About this task.
Go through the entries below from the first line and output each one exactly, up to and including the line with "roundrect (at 0 5".

Provided data.

━━━

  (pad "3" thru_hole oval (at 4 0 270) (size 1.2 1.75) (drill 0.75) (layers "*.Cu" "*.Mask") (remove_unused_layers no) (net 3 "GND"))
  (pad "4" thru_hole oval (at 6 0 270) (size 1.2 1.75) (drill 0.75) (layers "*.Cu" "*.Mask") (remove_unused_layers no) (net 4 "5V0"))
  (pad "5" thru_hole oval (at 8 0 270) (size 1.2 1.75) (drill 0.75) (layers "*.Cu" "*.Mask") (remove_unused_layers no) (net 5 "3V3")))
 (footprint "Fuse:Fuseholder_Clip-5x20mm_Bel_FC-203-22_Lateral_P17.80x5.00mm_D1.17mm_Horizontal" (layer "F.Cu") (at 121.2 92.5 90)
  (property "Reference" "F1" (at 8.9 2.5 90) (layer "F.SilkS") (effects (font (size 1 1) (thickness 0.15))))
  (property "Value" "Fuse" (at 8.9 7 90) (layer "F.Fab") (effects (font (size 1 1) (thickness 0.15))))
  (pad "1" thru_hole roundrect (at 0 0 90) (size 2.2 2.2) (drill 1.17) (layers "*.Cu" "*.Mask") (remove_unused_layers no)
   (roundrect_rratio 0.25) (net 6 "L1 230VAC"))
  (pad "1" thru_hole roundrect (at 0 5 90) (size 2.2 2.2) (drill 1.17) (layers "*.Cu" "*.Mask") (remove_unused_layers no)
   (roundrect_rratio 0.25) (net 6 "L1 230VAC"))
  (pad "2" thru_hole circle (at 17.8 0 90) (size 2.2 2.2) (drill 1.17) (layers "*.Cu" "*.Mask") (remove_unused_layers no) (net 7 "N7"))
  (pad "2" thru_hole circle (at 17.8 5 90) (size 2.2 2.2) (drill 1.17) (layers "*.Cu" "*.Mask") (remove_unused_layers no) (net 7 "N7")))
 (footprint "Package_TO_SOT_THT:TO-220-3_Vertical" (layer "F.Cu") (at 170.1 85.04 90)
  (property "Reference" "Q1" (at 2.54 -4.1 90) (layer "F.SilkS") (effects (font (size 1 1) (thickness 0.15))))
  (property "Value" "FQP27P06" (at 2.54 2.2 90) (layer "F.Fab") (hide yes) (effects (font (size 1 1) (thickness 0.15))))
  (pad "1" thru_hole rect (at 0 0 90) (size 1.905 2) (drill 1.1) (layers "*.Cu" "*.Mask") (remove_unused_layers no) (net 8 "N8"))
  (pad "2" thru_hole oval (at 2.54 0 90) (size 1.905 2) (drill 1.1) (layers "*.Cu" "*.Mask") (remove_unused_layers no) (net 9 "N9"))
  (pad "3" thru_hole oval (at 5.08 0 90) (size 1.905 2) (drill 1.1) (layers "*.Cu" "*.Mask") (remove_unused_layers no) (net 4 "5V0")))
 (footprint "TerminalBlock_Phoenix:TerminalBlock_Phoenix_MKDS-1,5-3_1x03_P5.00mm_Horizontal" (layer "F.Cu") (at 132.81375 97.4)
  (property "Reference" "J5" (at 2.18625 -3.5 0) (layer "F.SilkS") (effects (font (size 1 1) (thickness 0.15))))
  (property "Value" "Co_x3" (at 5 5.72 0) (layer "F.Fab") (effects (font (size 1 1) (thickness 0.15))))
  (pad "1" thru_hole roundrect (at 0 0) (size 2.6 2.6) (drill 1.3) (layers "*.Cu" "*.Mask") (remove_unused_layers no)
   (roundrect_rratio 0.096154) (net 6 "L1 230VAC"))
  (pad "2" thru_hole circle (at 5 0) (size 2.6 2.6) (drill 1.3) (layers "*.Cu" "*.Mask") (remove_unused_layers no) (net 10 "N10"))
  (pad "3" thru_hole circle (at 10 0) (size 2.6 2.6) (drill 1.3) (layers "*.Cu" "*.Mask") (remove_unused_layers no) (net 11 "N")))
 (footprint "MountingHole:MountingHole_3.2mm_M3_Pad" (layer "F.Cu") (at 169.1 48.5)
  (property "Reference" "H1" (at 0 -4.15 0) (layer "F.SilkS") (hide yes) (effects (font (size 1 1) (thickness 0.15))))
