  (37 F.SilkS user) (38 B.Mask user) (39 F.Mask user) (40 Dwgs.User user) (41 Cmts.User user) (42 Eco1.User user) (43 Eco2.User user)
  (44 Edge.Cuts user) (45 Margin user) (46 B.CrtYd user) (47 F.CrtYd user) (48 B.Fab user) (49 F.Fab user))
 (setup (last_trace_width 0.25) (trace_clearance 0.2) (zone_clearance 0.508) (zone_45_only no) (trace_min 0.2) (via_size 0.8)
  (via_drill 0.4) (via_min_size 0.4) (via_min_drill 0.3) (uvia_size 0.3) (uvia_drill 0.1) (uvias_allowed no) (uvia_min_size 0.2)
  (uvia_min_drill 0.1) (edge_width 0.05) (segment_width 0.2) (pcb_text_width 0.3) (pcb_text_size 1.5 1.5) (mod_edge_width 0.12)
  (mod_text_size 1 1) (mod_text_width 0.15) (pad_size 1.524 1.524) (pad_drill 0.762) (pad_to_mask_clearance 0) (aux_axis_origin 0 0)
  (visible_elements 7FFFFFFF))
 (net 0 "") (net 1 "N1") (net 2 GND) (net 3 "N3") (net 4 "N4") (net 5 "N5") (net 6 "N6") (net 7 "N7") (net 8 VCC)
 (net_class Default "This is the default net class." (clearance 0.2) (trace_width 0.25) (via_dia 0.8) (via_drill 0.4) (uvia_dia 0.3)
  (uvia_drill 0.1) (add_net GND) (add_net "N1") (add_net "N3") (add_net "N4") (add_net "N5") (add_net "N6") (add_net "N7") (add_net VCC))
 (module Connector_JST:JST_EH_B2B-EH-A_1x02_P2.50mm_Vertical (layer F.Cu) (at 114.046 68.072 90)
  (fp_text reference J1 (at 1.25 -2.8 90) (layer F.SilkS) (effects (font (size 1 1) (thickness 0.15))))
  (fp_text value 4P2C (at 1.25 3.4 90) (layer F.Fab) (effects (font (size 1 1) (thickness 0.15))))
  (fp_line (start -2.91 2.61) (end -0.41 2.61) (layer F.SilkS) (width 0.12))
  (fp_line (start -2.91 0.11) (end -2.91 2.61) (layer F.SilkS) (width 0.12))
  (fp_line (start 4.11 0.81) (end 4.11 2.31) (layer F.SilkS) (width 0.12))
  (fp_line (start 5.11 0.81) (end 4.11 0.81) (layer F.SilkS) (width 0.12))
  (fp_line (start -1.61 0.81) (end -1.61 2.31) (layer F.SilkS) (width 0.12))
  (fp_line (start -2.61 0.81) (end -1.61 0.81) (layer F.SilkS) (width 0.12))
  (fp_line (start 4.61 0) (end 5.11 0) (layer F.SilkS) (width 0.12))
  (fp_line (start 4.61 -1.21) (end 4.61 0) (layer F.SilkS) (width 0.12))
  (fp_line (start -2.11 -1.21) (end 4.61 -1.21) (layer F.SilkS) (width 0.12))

━━━

Output below.
  (pad "3" thru_hole oval (at 4 0 270) (size 1.2 1.75) (drill 0.75) (layers "*.Cu" "*.Mask") (remove_unused_layers no) (net 3 "GND"))
  (pad "4" thru_hole oval (at 6 0 270) (size 1.2 1.75) (drill 0.75) (layers "*.Cu" "*.Mask") (remove_unused_layers no) (net 4 "5V0"))
  (pad "5" thru_hole oval (at 8 0 270) (size 1.2 1.75) (drill 0.75) (layers "*.Cu" "*.Mask") (remove_unused_layers no) (net 5 "3V3")))
 (footprint "Fuse:Fuseholder_Clip-5x20mm_Bel_FC-203-22_Lateral_P17.80x5.00mm_D1.17mm_Horizontal" (layer "F.Cu") (at 121.2 92.5 90)
  (property "Reference" "F1" (at 8.9 2.5 90) (layer "F.SilkS") (effects (font (size 1 1) (thickness 0.15))))
  (property "Value" "Fuse" (at 8.9 7 90) (layer "F.Fab") (effects (font (size 1 1) (thickness 0.15))))
  (pad "1" thru_hole roundrect (at 0 0 90) (size 2.2 2.2) (drill 1.17) (layers "*.Cu" "*.Mask") (remove_unused_layers no)
   (roundrect_rratio 0.25) (net 6 "L1 230VAC"))
  (pad "1" thru_hole roundrect (at 0 5 90) (size 2.2 2.2) (drill 1.17) (layers "*.Cu" "*.Mask") (remove_unused_layers no)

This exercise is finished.